Preparing the Dataset
Let's start by loading a movies dataset and examining its structure ?
import pandas as pd
import numpy as np
# Load movies dataset
movies = pd.read_csv("https://raw.githubusercontent.com/sasankac/TestDataSet/master/movies_data.csv")
# Display sample rows
print("Sample data:")
print(movies.sample(n=3))
Sample data:
budget id original_language original_title popularity release_date \
235 22000000 235260 en Son of God 9.175762 28/02/2014
1548 0 13411 en Malibu's Most Wanted 7.314796 10/04/2003
3279 8000000 26306 en Prefontaine 8.717235 24/01/1997
revenue runtime status title vote_average vote_count
235 67800064 138.0 Released Son of God 5.9 83
1548 0 86.0 Released Malibu's Most Wanted 4.7 77
3279 589304 106.0 Released Prefontaine 6.7 21
Data Preprocessing
First, let's extract the year from the release date to group movies by year ?

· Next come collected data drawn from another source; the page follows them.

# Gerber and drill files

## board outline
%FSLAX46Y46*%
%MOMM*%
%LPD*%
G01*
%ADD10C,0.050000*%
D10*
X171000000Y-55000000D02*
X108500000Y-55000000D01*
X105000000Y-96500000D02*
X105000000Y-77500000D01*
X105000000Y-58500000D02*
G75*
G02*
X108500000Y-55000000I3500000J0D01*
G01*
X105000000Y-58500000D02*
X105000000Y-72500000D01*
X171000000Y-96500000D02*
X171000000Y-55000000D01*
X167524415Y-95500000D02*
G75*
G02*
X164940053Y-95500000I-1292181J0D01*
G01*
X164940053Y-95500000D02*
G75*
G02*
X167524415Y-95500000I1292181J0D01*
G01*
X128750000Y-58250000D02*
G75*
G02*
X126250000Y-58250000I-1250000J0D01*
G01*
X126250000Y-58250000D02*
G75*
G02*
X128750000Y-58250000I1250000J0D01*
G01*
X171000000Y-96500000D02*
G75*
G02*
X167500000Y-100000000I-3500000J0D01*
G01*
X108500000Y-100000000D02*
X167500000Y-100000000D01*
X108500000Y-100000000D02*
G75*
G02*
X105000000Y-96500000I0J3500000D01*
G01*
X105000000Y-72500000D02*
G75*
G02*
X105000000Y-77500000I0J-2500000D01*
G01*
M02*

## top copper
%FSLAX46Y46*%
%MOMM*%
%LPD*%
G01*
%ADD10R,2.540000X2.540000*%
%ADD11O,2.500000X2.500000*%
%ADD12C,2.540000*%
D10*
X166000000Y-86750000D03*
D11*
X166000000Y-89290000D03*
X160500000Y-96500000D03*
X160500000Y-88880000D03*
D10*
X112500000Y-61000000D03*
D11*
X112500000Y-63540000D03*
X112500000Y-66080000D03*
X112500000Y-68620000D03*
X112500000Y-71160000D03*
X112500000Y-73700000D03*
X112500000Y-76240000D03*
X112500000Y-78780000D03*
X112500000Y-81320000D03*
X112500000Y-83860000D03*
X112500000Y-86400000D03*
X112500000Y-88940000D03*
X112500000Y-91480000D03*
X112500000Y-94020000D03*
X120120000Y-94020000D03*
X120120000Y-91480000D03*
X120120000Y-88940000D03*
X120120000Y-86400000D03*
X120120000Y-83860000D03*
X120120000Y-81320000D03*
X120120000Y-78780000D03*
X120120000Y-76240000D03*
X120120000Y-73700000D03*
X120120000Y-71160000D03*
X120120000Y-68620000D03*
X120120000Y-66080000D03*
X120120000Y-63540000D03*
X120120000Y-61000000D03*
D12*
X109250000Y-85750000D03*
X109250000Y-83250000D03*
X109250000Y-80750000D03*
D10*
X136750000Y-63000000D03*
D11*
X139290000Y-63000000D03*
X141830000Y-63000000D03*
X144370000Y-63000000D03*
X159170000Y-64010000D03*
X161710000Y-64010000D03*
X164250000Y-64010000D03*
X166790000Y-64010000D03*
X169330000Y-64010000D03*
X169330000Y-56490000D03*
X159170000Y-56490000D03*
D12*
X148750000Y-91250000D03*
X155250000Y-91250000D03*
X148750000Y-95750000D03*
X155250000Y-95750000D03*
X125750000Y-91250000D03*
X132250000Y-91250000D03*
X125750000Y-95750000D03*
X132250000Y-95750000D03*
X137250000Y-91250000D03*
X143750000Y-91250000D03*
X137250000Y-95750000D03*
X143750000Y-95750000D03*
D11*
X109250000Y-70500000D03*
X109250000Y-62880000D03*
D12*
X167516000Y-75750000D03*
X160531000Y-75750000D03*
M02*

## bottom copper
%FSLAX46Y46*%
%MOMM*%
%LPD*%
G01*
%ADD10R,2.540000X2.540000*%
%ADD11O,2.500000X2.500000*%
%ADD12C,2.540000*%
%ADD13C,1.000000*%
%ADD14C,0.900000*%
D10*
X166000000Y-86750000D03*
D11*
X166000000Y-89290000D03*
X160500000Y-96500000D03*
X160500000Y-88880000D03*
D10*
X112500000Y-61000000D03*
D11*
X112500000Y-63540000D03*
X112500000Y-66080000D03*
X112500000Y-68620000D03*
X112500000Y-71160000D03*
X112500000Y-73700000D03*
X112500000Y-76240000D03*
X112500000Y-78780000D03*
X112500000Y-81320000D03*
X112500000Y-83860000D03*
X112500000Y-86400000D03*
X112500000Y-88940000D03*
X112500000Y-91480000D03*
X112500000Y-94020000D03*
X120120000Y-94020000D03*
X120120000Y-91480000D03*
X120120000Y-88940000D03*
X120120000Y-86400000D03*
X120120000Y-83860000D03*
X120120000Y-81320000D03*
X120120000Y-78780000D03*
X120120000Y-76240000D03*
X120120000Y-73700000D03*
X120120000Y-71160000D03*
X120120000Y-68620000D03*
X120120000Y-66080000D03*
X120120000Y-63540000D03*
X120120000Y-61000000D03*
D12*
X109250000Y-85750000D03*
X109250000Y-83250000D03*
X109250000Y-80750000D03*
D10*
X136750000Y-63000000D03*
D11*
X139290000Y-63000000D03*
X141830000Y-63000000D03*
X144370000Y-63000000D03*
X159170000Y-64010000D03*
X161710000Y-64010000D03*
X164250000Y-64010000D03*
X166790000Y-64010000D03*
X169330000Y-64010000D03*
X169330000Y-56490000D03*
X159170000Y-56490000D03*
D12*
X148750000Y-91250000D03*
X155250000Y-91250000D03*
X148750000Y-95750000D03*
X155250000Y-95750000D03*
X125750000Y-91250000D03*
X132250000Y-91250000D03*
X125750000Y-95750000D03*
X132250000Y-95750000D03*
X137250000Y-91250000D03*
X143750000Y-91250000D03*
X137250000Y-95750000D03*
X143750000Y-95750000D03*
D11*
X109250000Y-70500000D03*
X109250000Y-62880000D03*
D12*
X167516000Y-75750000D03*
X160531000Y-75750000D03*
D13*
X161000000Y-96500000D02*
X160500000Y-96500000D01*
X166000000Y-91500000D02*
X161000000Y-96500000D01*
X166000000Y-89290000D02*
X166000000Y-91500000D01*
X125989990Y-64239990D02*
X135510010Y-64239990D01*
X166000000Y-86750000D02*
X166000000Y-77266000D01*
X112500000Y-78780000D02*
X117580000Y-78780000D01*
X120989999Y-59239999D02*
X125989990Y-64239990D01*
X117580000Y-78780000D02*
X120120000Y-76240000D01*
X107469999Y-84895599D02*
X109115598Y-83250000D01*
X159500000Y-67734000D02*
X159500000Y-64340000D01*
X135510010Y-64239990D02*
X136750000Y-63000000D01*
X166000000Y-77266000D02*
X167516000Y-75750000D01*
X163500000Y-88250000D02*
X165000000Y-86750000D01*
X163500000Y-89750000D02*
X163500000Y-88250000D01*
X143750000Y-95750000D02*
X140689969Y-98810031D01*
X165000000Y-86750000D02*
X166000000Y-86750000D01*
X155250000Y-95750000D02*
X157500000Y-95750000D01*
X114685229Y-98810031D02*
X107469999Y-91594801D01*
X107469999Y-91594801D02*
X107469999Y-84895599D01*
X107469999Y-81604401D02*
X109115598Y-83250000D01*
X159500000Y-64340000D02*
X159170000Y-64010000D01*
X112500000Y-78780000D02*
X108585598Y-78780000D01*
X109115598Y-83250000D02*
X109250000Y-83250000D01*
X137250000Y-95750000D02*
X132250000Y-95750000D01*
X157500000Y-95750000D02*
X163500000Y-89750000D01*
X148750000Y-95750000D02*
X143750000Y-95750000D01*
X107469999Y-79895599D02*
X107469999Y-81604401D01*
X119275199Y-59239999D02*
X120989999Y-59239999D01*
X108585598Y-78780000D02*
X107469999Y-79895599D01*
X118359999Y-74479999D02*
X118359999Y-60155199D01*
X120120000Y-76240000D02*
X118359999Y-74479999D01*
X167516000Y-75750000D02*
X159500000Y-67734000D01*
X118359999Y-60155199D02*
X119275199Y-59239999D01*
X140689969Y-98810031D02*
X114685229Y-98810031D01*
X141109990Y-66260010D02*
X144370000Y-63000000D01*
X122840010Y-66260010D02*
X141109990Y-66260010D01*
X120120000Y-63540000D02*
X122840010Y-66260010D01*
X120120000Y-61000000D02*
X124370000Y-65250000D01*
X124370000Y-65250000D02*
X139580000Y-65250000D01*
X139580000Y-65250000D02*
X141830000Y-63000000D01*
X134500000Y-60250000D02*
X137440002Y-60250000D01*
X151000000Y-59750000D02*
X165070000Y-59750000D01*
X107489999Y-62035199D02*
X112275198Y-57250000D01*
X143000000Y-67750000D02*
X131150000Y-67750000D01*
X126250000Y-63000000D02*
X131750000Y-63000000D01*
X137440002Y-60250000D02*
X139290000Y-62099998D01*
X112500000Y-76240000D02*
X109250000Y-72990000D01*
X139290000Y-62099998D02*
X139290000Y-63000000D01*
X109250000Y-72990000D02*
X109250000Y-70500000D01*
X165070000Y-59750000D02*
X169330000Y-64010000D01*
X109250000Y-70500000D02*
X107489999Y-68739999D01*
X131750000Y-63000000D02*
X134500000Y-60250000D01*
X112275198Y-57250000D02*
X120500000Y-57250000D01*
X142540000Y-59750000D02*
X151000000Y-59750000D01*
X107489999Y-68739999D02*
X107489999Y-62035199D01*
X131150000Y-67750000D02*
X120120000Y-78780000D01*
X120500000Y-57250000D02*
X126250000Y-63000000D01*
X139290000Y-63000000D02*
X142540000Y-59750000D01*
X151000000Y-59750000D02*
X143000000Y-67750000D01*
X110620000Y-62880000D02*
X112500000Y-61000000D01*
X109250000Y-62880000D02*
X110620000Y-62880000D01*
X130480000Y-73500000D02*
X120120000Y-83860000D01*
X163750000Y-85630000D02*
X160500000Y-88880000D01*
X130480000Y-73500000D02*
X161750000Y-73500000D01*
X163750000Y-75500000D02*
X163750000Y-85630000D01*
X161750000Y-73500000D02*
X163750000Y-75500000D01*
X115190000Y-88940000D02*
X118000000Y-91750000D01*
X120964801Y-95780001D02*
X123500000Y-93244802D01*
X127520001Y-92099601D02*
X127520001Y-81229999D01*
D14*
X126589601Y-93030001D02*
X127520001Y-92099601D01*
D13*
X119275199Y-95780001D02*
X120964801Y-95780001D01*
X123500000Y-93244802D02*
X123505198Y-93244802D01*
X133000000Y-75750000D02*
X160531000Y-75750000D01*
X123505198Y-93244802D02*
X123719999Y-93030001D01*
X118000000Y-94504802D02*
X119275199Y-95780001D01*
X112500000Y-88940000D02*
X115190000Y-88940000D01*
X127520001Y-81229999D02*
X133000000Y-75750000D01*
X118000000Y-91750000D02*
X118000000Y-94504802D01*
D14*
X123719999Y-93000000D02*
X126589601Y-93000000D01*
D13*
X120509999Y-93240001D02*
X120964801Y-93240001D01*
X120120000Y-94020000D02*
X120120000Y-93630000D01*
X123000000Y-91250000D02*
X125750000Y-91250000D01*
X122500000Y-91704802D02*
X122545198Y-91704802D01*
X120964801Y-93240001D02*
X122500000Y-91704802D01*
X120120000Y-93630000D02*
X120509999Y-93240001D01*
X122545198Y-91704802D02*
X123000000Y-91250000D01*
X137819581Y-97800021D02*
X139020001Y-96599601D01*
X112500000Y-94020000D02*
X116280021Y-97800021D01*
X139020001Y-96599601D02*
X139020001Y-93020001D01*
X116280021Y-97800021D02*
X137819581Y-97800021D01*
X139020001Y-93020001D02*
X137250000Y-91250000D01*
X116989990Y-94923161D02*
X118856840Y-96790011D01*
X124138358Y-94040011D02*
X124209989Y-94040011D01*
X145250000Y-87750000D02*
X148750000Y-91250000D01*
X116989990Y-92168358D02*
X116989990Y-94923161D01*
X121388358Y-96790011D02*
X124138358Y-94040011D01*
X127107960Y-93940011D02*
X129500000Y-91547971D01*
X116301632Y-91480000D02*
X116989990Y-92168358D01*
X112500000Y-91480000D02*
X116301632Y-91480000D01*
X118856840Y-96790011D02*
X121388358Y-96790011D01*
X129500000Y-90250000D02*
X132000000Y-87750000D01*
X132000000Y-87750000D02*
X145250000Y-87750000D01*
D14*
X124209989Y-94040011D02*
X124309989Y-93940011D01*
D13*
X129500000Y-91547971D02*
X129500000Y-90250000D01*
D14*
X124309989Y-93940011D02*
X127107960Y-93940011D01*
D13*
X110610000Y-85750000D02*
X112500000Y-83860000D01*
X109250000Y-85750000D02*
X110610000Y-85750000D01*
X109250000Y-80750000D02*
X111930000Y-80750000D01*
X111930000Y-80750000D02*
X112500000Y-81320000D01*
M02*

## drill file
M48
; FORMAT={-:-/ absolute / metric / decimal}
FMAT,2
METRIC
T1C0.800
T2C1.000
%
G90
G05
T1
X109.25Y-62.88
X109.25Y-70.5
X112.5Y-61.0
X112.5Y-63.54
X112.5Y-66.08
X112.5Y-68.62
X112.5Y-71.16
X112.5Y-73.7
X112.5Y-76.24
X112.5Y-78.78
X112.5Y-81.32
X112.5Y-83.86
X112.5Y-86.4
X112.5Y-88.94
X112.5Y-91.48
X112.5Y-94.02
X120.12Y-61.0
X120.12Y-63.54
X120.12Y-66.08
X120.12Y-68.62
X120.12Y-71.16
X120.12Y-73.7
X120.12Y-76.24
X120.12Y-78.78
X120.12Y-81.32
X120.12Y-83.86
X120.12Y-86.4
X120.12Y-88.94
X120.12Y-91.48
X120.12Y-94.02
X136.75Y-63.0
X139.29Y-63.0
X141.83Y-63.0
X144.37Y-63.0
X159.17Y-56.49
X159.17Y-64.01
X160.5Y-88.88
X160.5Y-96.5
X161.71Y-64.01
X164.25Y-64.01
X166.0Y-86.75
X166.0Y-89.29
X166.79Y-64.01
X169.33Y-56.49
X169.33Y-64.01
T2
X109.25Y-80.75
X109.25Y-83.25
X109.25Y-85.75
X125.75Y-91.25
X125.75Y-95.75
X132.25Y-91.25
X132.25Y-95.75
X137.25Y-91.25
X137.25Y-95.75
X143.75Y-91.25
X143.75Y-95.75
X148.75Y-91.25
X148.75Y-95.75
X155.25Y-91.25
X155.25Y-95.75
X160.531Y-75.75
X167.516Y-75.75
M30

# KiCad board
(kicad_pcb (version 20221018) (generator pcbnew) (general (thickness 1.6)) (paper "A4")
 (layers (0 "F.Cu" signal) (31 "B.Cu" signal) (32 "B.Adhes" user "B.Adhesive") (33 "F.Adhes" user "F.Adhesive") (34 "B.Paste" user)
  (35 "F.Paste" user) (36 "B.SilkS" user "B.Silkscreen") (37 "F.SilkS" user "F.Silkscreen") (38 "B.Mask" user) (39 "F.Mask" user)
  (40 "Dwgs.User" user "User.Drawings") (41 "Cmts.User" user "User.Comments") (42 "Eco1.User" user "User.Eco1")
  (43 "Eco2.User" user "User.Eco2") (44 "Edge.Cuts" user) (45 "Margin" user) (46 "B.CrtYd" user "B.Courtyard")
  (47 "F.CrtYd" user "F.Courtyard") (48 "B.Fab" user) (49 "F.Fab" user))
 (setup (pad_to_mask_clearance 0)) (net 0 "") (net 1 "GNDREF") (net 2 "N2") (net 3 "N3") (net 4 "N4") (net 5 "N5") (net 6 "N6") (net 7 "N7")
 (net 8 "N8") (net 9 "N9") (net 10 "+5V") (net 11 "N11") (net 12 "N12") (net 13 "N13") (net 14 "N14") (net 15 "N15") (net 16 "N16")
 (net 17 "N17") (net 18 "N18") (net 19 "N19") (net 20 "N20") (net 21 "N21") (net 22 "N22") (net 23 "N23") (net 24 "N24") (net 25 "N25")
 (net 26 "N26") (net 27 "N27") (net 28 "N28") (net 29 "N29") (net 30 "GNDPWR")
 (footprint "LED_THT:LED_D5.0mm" (layer "F.Cu") (at 166 86.75 -90)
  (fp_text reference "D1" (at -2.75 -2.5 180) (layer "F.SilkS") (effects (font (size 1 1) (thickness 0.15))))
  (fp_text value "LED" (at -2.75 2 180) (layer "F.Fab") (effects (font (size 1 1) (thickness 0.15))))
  (pad "1" thru_hole rect (at 0 0 270) (size 2.54 2.54) (drill 0.8) (layers "*.Cu" "*.Mask") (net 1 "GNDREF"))
  (pad "2" thru_hole oval (at 2.54 0 270) (size 2.5 2.5) (drill 0.8) (layers "*.Cu" "*.Mask") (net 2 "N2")))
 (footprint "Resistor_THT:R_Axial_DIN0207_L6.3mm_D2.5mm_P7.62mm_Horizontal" (layer "F.Cu") (at 160.5 96.5 90)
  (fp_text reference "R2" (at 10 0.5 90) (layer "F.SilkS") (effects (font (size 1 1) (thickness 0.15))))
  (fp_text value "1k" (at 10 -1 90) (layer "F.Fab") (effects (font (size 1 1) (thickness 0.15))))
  (pad "1" thru_hole oval (at 0 0 90) (size 2.5 2.5) (drill 0.8) (layers "*.Cu" "*.Mask") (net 2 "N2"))
  (pad "2" thru_hole oval (at 7.62 0 90) (size 2.5 2.5) (drill 0.8) (layers "*.Cu" "*.Mask") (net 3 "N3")))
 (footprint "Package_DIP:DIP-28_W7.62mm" (layer "F.Cu") (at 112.5 61)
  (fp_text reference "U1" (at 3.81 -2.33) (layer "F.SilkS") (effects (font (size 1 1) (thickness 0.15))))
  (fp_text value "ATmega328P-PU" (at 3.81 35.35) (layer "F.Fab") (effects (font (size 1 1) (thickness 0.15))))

# Create year column from release_date
movies['year'] = pd.to_datetime(movies['release_date']).dt.year
# Check data types
print("Data types:")
print(movies[['title', 'year', 'popularity']].dtypes)
Data types: title object year int64 popularity float64 dtype: object
Method 1: Using sort_values() and drop_duplicates()

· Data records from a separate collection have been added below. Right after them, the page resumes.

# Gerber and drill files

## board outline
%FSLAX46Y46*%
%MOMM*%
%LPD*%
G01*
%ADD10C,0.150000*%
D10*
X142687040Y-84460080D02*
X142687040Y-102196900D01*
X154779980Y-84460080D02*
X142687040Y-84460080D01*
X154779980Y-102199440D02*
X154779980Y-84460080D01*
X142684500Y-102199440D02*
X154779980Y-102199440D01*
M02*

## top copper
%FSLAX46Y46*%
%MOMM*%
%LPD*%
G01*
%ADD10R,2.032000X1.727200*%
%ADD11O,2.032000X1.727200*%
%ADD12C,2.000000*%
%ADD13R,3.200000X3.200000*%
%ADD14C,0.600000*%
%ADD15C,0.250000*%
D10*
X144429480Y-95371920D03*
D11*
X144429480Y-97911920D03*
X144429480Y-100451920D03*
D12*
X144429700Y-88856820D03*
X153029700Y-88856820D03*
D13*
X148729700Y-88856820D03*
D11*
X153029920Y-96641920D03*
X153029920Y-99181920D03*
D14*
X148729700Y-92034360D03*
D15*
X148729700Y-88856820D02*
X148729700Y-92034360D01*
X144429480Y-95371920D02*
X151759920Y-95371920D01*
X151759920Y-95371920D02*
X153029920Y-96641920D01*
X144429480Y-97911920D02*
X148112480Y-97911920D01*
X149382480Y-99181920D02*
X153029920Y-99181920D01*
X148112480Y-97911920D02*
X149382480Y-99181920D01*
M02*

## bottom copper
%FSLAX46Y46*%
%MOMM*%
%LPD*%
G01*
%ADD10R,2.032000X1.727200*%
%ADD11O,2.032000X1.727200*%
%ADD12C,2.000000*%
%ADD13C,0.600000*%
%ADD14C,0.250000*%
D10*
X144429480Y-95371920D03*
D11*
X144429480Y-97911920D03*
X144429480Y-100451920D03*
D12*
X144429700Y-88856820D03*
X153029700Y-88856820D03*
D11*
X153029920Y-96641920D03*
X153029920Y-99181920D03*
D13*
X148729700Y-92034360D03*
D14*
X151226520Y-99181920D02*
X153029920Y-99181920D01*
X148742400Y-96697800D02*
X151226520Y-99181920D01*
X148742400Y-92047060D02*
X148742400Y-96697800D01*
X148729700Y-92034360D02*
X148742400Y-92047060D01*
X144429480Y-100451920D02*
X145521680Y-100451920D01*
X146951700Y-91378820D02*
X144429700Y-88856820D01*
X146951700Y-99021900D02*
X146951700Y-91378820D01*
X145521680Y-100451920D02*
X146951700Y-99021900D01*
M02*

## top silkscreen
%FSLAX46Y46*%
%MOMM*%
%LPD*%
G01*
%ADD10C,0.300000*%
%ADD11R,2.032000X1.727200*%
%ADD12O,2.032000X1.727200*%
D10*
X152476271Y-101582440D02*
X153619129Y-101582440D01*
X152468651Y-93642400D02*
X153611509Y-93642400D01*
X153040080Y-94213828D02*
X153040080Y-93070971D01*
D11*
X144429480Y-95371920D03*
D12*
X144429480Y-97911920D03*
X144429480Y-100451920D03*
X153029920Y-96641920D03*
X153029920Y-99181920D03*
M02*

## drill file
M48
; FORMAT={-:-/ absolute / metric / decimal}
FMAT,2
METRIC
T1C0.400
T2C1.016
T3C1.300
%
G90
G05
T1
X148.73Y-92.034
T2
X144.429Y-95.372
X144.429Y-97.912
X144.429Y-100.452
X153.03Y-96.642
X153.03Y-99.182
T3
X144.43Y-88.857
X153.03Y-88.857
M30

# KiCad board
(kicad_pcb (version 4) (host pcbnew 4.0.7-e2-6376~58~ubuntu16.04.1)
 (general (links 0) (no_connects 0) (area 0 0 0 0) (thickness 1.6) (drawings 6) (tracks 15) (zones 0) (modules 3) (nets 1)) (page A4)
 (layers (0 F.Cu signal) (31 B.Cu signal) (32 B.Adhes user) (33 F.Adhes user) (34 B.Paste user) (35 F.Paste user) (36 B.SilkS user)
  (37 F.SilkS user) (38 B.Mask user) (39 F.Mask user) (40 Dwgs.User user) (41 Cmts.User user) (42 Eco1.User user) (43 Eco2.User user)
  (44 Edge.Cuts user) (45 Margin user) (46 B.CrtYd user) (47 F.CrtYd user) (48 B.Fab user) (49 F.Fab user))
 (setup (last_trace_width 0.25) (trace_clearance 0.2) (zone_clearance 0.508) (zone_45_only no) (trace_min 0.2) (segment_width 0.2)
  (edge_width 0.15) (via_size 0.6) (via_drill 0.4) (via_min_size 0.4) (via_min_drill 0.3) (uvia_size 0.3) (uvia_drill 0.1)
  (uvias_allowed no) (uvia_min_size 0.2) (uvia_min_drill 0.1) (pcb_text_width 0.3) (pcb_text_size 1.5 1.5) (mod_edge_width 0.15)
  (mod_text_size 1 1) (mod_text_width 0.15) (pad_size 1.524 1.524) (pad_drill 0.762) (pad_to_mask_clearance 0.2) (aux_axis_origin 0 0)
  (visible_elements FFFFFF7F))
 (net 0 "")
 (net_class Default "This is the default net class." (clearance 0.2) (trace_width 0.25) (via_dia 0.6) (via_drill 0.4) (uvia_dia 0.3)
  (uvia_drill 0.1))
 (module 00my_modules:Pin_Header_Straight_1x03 (layer F.Cu) (at 144.42948 95.37192)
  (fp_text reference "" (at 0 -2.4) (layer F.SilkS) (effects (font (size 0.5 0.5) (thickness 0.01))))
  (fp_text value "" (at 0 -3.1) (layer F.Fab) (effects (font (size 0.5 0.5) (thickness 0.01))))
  (pad 1 thru_hole rect (at 0 0) (size 2.032 1.7272) (drill 1.016) (layers *.Cu *.Mask F.SilkS))
  (pad 2 thru_hole oval (at 0 2.54) (size 2.032 1.7272) (drill 1.016) (layers *.Cu *.Mask F.SilkS))
  (pad 3 thru_hole oval (at 0 5.08) (size 2.032 1.7272) (drill 1.016) (layers *.Cu *.Mask F.SilkS)))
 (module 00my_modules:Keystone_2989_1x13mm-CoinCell (layer F.Cu) (at 148.7297 88.85682)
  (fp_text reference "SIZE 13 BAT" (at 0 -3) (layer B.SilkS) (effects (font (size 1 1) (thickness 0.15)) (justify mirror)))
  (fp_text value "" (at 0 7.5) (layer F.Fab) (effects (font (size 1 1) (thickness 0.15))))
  (pad 1 thru_hole circle (at -4.3 0) (size 2 2) (drill 1.3) (layers *.Cu *.Mask))
  (pad 1 thru_hole circle (at 4.3 0) (size 2 2) (drill 1.3) (layers *.Cu *.Mask))
  (pad 2 smd rect (at 0 0) (size 3.2 3.2) (layers F.Cu F.Mask)))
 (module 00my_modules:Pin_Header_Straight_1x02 (layer F.Cu) (at 153.02992 96.64192)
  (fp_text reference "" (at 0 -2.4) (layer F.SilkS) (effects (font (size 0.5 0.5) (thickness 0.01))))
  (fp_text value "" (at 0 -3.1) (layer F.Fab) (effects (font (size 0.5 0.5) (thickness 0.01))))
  (pad 1 thru_hole oval (at 0 0) (size 2.032 1.7272) (drill 1.016) (layers *.Cu *.Mask F.SilkS))
  (pad 2 thru_hole oval (at 0 2.54) (size 2.032 1.7272) (drill 1.016) (layers *.Cu *.Mask F.SilkS)))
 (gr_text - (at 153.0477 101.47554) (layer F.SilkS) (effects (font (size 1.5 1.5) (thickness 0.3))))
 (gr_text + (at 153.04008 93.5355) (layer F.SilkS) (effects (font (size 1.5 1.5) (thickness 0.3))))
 (gr_line (start 142.68704 84.46008) (end 142.68704 102.1969) (angle 90) (layer Edge.Cuts) (width 0.15))
 (gr_line (start 154.77998 84.46008) (end 142.68704 84.46008) (angle 90) (layer Edge.Cuts) (width 0.15))
 (gr_line (start 154.77998 102.19944) (end 154.77998 84.46008) (angle 90) (layer Edge.Cuts) (width 0.15))
 (gr_line (start 142.6845 102.19944) (end 154.77998 102.19944) (angle 90) (layer Edge.Cuts) (width 0.15))
 (segment (start 148.7297 88.85682) (end 148.7297 92.03436) (width 0.25) (layer F.Cu) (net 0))
 (segment (start 151.22652 99.18192) (end 153.02992 99.18192) (width 0.25) (layer B.Cu) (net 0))
 (segment (start 148.7424 96.6978) (end 151.22652 99.18192) (width 0.25) (layer B.Cu) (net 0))
 (segment (start 148.7424 92.04706) (end 148.7424 96.6978) (width 0.25) (layer B.Cu) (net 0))
 (segment (start 148.7297 92.03436) (end 148.7424 92.04706) (width 0.25) (layer B.Cu) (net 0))
 (via (at 148.7297 92.03436) (size 0.6) (drill 0.4) (layers F.Cu B.Cu) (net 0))
 (segment (start 144.42948 100.45192) (end 145.52168 100.45192) (width 0.25) (layer B.Cu) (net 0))
 (segment (start 146.9517 91.37882) (end 144.4297 88.85682) (width 0.25) (layer B.Cu) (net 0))
 (segment (start 146.9517 99.0219) (end 146.9517 91.37882) (width 0.25) (layer B.Cu) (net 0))
 (segment (start 145.52168 100.45192) (end 146.9517 99.0219) (width 0.25) (layer B.Cu) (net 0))
 (segment (start 144.42948 95.37192) (end 151.75992 95.37192) (width 0.25) (layer F.Cu) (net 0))
 (segment (start 151.75992 95.37192) (end 153.02992 96.64192) (width 0.25) (layer F.Cu) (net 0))
 (segment (start 144.42948 97.91192) (end 148.11248 97.91192) (width 0.25) (layer F.Cu) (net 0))
 (segment (start 149.38248 99.18192) (end 153.02992 99.18192) (width 0.25) (layer F.Cu) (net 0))
 (segment (start 148.11248 97.91192) (end 149.38248 99.18192) (width 0.25) (layer F.Cu) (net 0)))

Sort by year and popularity, then keep only the first (highest) entry for each year ?
# Select relevant columns and sort by year and popularity
result_method1 = (movies[["title", "year", "popularity"]]
.sort_values(["year", "popularity"], ascending=[True, False])
.drop_duplicates(subset="year"))
print("Top 5 most popular movies by year (Method 1):")
print(result_method1.head())
Top 5 most popular movies by year (Method 1):
title year popularity
4592 Intolerance 1916 3.232447
4661 The Big Parade 1925 0.785744
2638 Metropolis 1927 32.351527
4457 Pandora's Box 1929 1.824184
3804 Hell's Angels 1930 8.484123
Method 2: Using groupby() with idxmax()
Group by year and find the index of the maximum popularity value ?
# Group by year and get index of maximum popularity
idx = movies.groupby('year')['popularity'].idxmax()
result_method2 = movies.loc[idx, ['title', 'year', 'popularity']]
print("Top 5 most popular movies by year (Method 2):")
print(result_method2.head())
Top 5 most popular movies by year (Method 2):
title year popularity
4592 Intolerance 1916 3.232447
4661 The Big Parade 1925 0.785744
2638 Metropolis 1927 32.351527
4457 Pandora's Box 1929 1.824184
3804 Hell's Angels 1930 8.484123
Method 3: Using groupby() with apply()
Apply a custom function to each group to get the row with maximum popularity ?
# Group by year and apply function to get max popularity row
result_method3 = (movies[["title", "year", "popularity"]]
.groupby("year")
.apply(lambda df: df.loc[df['popularity'].idxmax()])
.reset_index(drop=True))
print("Top 5 most popular movies by year (Method 3):")
print(result_method3.head())
Top 5 most popular movies by year (Method 3):
title year popularity
0 Intolerance 1916 3.232447
1 The Big Parade 1925 0.785744
2 Metropolis 1927 32.351527
3 Pandora's Box 1929 1.824184
4 Hell's Angels 1930 8.484123
Comparison of Methods
| Method | Performance | Memory Usage | Best For |
|---|---|---|---|
| sort_values() + drop_duplicates() | Medium | High | Simple cases |
| groupby() + idxmax() | Fast | Low | Large datasets |
| groupby() + apply() | Slow | Medium | Complex operations |
Viewing Recent Popular Movies
Let's see the most popular movies from recent years ?
# Get most popular movies from 2010 onwards
recent_popular = result_method2[result_method2['year'] >= 2010].sort_values('year', ascending=False)
print("Most popular movies by year (2010+):")
print(recent_popular.head(10))
Most popular movies by year (2010+):
title year popularity
4255 Growing Up Smith 2017 0.710870
788 Deadpool 2016 514.569956
546 Minions 2015 875.581305
95 Interstellar 2014 724.247784
124 Frozen 2013 165.125366
2577 Skyfall 2012 271.230817
1313 Harry Potter and the Deathly... 2011 321.795184
2913 Toy Story 3 2010 238.172433
Conclusion
Use groupby().idxmax() for the most efficient way to find the largest value in each group. The sort_values() + drop_duplicates() approach works well for smaller datasets and is more intuitive to understand.